* Records supplied
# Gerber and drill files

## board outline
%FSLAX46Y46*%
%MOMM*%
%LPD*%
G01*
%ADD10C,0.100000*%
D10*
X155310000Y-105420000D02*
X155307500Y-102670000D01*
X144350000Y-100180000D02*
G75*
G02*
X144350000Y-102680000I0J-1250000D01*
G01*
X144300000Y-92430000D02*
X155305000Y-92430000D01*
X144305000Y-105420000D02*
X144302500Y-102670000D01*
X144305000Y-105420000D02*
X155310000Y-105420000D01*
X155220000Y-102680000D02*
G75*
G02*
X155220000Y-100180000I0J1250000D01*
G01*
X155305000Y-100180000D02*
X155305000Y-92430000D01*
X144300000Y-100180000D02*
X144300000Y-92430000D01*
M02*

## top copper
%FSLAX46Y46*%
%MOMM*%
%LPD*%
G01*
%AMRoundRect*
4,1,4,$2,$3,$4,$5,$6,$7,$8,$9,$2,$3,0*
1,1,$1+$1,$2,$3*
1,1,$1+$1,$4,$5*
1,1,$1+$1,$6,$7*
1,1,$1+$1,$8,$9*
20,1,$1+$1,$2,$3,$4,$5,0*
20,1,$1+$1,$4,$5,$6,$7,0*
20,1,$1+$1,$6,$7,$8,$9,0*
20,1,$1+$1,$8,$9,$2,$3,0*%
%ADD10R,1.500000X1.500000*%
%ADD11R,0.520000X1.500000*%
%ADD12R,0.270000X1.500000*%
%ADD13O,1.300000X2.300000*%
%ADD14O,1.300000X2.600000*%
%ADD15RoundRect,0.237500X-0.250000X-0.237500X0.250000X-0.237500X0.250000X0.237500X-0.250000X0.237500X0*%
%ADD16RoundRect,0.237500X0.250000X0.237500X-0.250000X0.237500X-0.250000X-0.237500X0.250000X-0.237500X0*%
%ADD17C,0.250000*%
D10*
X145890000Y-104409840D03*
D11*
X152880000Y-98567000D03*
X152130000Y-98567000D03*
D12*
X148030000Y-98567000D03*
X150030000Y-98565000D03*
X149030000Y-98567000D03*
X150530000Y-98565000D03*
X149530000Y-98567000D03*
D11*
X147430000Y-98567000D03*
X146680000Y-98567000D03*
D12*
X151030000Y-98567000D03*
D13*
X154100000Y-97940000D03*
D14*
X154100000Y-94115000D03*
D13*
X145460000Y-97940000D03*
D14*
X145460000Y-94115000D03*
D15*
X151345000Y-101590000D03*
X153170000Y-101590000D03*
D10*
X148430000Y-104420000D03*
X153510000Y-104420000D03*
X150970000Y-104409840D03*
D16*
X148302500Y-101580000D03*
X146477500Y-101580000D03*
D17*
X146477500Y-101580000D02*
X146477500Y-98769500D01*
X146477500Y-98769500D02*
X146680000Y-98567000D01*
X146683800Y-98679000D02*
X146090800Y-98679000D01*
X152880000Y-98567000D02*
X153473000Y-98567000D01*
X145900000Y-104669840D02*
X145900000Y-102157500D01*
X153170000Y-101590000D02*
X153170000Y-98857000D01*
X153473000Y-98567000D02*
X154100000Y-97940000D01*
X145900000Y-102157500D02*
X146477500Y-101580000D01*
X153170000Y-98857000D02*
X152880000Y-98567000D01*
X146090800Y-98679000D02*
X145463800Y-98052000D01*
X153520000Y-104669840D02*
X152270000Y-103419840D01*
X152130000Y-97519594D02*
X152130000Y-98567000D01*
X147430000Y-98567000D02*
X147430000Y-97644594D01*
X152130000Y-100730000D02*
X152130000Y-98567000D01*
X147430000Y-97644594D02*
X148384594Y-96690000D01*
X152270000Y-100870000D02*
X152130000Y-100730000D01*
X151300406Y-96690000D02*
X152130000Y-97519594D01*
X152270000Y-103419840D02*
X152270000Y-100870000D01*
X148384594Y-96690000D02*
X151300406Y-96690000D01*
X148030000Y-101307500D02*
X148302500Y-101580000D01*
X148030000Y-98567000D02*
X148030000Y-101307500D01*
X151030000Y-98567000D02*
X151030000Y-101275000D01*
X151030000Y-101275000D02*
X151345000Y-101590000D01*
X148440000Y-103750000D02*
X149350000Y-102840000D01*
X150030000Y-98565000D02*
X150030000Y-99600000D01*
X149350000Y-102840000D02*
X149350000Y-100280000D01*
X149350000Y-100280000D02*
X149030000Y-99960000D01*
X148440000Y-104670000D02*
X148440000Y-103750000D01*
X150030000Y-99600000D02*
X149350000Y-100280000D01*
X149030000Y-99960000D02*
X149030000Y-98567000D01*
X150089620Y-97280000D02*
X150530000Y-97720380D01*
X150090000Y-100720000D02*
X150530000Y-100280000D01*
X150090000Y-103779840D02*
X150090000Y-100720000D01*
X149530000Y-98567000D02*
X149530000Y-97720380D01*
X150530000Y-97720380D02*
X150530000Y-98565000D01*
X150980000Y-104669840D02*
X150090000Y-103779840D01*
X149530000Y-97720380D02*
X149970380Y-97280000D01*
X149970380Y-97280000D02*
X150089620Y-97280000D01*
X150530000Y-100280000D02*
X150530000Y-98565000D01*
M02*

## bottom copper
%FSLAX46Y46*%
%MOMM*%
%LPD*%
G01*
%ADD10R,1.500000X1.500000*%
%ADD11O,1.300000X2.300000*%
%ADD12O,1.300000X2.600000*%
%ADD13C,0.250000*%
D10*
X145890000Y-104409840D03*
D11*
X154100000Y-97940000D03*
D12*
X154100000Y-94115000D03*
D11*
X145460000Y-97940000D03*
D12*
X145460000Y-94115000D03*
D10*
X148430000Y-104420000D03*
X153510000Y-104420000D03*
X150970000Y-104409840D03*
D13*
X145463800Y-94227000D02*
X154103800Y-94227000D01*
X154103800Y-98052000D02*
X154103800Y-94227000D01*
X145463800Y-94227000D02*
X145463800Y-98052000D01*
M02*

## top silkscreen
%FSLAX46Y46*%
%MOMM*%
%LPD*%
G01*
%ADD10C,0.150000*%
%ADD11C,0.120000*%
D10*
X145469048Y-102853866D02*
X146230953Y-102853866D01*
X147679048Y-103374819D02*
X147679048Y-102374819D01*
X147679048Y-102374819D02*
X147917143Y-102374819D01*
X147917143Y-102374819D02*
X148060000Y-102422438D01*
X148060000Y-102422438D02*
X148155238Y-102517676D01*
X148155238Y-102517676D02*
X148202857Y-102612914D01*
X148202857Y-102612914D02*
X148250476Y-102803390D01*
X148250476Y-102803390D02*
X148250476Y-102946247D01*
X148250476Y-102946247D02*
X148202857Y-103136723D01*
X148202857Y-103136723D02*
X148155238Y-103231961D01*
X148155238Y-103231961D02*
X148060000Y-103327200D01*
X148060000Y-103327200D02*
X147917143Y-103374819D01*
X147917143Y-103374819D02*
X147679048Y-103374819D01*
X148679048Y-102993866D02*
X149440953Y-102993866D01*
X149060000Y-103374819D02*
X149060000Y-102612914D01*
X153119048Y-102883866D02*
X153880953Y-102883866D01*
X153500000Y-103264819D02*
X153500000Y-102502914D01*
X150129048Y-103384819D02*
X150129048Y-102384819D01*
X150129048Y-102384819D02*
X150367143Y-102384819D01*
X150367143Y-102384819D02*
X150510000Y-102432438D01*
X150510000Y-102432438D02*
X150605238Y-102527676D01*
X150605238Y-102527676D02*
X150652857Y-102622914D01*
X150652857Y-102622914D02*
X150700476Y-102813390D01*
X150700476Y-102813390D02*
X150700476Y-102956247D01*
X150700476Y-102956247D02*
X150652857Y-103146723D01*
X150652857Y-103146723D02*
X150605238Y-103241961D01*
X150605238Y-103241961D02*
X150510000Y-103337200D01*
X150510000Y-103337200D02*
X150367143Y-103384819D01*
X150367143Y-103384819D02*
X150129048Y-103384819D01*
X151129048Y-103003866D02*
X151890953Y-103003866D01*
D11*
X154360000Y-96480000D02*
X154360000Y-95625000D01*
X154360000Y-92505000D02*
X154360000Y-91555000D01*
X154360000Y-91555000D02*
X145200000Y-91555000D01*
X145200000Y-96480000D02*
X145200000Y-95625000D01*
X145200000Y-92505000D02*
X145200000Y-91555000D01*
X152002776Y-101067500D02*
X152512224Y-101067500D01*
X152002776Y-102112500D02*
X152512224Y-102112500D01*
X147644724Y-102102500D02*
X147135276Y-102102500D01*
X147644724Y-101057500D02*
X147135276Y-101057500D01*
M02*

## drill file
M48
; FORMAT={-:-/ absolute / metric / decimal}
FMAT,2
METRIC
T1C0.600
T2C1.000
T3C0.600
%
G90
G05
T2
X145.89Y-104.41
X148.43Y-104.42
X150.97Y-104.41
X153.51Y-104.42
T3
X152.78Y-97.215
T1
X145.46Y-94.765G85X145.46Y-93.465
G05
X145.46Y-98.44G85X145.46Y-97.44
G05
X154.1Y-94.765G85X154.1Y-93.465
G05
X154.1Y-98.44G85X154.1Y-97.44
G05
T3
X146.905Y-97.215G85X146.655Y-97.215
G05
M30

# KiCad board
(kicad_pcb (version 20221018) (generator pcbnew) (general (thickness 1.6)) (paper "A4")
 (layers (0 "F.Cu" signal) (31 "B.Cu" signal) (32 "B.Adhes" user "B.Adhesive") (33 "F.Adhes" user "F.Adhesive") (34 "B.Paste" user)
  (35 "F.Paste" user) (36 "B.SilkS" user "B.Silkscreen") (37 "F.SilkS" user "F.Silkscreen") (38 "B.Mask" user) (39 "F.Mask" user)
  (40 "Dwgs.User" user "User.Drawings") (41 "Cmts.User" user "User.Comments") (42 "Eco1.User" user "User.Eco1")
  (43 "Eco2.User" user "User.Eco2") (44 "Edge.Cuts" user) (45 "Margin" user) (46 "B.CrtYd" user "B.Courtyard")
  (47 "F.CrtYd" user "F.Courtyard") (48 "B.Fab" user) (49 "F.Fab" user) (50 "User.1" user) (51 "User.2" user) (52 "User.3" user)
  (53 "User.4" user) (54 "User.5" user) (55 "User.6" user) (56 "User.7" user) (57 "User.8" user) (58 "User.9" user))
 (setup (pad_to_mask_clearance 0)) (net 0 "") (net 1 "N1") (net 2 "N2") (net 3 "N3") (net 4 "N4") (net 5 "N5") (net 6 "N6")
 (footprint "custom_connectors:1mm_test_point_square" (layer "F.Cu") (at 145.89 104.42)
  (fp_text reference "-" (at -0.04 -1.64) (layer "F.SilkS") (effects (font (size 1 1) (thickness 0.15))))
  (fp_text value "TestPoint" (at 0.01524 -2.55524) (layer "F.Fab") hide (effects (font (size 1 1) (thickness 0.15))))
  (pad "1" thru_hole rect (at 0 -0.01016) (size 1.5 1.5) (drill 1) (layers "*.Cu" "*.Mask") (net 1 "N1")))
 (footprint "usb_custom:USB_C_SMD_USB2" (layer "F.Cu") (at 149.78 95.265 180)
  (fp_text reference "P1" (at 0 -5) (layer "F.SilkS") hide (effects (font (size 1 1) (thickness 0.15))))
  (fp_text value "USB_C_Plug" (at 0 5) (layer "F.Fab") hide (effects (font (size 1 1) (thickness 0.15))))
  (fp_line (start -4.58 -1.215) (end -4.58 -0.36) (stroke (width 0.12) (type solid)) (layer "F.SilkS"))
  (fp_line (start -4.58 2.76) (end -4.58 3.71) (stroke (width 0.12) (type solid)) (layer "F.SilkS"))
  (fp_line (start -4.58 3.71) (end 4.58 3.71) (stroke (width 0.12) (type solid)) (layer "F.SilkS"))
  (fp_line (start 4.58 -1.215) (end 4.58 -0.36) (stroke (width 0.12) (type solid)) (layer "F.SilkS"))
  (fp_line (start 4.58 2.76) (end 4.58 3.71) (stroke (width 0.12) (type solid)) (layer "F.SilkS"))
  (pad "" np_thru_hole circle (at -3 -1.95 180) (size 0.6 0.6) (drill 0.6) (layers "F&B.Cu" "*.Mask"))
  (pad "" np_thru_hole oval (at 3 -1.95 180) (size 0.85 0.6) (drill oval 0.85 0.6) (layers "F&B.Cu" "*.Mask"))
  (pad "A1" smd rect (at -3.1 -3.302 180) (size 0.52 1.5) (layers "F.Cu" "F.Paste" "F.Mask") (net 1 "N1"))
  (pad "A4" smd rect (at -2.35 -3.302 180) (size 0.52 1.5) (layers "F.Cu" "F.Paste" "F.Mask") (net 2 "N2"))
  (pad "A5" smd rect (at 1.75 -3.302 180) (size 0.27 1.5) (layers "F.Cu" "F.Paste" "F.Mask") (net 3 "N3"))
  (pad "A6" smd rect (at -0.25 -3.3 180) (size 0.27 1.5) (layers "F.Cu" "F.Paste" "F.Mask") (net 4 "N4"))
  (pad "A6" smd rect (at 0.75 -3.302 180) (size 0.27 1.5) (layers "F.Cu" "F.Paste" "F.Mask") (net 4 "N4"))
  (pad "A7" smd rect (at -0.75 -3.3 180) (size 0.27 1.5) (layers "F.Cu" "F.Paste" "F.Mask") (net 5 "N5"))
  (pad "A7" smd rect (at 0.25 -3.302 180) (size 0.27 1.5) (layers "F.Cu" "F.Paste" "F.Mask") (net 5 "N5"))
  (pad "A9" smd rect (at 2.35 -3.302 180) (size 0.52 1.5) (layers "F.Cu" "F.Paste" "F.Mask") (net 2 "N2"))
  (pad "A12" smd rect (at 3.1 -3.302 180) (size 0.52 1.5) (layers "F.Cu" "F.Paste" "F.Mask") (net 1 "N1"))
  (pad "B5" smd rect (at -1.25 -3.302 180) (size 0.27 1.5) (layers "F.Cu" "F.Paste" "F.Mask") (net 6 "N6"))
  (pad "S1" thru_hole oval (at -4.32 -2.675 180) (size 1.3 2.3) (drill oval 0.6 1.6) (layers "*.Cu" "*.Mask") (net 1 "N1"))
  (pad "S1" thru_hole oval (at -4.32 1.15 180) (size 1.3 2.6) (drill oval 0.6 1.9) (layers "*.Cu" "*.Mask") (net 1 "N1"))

--

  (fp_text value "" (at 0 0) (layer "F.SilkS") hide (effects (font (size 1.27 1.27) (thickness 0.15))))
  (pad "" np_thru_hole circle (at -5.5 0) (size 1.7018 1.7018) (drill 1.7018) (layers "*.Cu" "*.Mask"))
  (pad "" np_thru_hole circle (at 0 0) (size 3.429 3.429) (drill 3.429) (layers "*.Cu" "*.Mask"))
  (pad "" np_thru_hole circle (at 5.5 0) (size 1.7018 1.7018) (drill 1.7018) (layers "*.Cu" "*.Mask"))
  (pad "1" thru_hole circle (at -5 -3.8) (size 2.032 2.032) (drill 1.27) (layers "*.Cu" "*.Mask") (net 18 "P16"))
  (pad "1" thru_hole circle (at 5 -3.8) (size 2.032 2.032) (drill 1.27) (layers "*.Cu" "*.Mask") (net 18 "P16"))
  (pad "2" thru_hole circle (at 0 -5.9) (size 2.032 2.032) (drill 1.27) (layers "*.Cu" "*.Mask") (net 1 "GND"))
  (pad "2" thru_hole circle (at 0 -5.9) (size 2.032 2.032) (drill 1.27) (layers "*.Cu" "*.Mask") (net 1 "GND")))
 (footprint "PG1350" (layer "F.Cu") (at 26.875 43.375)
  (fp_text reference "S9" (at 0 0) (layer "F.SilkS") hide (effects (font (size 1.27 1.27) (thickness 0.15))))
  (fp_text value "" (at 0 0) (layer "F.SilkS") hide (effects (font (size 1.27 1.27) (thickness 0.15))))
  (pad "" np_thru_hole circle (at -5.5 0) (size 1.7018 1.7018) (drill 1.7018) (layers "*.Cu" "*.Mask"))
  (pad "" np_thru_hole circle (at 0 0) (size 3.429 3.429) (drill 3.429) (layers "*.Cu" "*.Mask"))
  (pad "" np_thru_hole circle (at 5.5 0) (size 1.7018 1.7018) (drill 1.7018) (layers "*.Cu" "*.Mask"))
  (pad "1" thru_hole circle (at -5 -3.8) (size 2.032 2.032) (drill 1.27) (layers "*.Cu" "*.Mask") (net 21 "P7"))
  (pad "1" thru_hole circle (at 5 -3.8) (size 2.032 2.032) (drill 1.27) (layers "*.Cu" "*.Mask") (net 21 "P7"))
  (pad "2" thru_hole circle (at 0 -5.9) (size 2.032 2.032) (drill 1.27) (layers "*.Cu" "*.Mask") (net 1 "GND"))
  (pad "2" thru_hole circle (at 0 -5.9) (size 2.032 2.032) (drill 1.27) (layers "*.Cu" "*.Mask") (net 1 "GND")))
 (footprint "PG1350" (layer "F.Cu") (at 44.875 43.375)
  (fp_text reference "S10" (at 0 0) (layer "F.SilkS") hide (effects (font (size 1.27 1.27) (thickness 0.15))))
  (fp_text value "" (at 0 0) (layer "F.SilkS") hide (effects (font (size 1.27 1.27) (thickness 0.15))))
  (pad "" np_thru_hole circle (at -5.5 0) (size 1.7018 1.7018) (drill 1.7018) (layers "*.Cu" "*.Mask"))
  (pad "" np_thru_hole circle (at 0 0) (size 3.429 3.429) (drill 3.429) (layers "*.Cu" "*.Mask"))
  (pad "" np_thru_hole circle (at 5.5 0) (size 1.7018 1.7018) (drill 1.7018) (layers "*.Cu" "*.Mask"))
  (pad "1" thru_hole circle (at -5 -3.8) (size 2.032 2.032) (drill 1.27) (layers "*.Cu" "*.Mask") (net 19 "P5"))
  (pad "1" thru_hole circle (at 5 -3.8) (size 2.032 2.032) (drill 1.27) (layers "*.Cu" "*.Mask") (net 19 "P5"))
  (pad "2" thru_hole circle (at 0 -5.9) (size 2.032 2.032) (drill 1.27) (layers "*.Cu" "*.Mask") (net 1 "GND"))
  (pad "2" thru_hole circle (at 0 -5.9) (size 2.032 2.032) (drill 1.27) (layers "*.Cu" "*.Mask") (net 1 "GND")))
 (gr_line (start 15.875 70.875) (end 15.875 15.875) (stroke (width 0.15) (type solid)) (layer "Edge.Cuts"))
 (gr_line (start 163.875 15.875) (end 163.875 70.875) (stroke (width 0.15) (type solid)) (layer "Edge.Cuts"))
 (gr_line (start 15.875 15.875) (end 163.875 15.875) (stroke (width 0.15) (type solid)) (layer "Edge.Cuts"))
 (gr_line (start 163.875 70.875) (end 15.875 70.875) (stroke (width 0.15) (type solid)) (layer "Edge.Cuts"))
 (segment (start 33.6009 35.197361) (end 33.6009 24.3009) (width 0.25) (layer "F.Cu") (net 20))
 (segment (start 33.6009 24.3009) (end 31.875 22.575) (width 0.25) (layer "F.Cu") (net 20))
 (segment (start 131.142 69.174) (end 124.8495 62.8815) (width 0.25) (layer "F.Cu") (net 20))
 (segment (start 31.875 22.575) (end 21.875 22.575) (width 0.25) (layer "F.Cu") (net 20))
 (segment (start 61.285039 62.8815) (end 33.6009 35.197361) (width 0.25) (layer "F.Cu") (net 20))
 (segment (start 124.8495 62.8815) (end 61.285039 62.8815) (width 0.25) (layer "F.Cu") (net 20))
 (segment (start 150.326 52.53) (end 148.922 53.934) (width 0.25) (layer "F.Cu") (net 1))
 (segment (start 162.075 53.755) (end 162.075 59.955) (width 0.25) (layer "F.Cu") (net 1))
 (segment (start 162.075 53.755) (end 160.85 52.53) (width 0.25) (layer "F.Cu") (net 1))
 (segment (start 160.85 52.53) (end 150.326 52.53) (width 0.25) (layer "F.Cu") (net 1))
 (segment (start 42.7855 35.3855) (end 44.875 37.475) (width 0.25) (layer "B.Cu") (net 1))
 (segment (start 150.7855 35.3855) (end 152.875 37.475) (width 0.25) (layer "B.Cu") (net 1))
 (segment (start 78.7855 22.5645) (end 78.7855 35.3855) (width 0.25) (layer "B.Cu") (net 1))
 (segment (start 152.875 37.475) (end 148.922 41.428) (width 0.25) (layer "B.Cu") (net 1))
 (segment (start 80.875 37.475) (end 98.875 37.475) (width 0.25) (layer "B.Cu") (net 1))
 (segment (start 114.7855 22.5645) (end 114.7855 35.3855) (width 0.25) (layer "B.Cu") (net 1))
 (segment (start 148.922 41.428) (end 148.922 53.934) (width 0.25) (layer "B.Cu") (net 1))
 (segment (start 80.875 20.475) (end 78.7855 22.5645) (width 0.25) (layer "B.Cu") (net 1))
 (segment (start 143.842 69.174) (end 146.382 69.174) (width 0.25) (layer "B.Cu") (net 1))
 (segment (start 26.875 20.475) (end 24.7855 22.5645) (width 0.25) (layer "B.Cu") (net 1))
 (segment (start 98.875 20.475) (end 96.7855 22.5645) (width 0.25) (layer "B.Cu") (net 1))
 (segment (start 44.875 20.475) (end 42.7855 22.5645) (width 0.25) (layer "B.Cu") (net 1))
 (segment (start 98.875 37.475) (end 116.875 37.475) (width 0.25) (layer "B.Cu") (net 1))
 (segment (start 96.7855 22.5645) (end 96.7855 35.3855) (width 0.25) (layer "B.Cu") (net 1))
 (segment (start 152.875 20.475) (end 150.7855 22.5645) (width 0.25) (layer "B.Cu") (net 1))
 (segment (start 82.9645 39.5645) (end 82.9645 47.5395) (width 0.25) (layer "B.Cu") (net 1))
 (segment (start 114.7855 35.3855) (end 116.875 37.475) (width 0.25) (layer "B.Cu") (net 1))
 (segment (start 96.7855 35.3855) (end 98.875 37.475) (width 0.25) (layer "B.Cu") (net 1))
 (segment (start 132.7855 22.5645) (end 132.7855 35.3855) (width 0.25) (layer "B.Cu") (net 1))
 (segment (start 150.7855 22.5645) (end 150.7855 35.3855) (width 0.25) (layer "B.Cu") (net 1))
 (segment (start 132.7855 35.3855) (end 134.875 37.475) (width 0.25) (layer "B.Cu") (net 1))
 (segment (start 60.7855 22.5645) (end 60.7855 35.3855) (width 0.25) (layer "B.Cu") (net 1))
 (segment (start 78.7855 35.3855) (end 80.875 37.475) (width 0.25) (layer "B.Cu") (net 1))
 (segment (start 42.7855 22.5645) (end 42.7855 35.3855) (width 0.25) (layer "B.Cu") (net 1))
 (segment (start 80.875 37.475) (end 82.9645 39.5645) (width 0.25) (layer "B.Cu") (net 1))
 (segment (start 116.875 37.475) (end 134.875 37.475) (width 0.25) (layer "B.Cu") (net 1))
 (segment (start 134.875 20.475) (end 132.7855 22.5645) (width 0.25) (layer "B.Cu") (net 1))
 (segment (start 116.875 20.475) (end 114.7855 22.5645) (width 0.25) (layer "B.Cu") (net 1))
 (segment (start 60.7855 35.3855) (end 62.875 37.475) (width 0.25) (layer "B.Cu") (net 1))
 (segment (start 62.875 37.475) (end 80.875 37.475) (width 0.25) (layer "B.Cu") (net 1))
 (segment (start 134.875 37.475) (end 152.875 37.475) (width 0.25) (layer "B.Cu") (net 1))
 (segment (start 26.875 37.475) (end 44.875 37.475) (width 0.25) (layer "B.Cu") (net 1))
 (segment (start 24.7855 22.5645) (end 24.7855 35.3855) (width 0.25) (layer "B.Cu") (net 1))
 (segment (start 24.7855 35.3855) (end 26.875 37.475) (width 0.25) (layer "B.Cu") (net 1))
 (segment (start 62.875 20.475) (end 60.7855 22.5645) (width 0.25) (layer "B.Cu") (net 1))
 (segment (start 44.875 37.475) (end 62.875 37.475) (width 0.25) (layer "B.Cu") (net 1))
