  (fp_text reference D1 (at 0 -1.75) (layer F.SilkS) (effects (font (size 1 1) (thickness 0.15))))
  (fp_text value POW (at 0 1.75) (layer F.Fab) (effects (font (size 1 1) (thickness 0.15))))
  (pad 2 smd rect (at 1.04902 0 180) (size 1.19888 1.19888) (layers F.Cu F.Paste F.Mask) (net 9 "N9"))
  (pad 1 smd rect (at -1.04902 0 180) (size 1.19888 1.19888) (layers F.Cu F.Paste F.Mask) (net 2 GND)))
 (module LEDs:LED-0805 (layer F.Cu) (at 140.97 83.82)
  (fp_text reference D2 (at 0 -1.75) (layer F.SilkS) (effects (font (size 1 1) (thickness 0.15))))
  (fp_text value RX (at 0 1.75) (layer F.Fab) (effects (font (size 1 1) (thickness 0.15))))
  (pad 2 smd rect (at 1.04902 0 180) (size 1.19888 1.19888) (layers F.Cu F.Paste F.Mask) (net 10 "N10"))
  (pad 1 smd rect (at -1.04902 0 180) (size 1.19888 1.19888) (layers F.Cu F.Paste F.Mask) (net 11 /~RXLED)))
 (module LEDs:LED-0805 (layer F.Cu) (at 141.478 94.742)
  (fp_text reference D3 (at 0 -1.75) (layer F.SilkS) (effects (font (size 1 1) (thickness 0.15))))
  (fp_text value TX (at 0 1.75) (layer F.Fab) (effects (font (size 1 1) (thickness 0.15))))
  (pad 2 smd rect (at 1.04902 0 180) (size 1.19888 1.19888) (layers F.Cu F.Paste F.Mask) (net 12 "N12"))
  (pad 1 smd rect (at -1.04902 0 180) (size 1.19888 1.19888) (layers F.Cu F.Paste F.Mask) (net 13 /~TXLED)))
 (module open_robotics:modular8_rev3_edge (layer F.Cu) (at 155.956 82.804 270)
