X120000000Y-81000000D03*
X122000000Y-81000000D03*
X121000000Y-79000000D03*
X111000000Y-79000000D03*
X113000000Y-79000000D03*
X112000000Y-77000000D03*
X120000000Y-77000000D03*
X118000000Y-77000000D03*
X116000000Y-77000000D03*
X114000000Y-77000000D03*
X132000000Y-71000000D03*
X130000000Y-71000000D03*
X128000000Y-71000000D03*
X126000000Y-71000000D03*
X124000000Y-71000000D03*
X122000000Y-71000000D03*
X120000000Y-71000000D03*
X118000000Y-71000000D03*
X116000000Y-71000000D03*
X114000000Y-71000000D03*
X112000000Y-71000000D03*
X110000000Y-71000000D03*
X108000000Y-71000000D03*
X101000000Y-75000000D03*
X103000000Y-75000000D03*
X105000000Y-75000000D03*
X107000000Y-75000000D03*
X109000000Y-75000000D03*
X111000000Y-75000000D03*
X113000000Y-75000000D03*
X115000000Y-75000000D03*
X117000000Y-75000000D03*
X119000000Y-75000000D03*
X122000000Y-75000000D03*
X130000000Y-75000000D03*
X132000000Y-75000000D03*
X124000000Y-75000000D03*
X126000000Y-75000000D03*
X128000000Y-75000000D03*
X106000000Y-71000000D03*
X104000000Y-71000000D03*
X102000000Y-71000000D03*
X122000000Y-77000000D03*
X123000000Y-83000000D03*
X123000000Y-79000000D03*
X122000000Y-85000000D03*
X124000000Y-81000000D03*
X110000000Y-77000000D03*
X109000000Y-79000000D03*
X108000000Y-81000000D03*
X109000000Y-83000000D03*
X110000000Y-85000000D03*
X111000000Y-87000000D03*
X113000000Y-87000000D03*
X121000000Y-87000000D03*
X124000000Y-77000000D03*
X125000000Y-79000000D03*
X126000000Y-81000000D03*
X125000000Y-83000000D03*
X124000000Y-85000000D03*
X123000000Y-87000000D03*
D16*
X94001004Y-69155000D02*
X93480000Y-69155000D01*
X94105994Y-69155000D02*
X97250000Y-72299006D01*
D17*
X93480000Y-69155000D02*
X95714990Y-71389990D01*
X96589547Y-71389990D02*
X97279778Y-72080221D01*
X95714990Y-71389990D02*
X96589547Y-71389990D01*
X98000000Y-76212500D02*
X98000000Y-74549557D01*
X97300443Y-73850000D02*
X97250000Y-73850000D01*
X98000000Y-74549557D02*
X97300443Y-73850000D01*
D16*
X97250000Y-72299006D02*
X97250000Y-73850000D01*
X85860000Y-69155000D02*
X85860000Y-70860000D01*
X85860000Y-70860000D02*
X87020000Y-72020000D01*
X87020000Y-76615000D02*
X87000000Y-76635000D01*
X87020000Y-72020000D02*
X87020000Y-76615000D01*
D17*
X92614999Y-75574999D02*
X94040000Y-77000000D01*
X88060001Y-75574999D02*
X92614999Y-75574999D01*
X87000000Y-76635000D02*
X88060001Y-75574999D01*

* What is needed
All lines above that hold the string "Courtyard" should be copied.

* Task solution
  (43 "Eco2.User" user "User.Eco2") (44 "Edge.Cuts" user) (45 "Margin" user) (46 "B.CrtYd" user "B.Courtyard")
  (47 "F.CrtYd" user "F.Courtyard") (48 "B.Fab" user) (49 "F.Fab" user) (50 "User.1" user) (51 "User.2" user) (52 "User.3" user)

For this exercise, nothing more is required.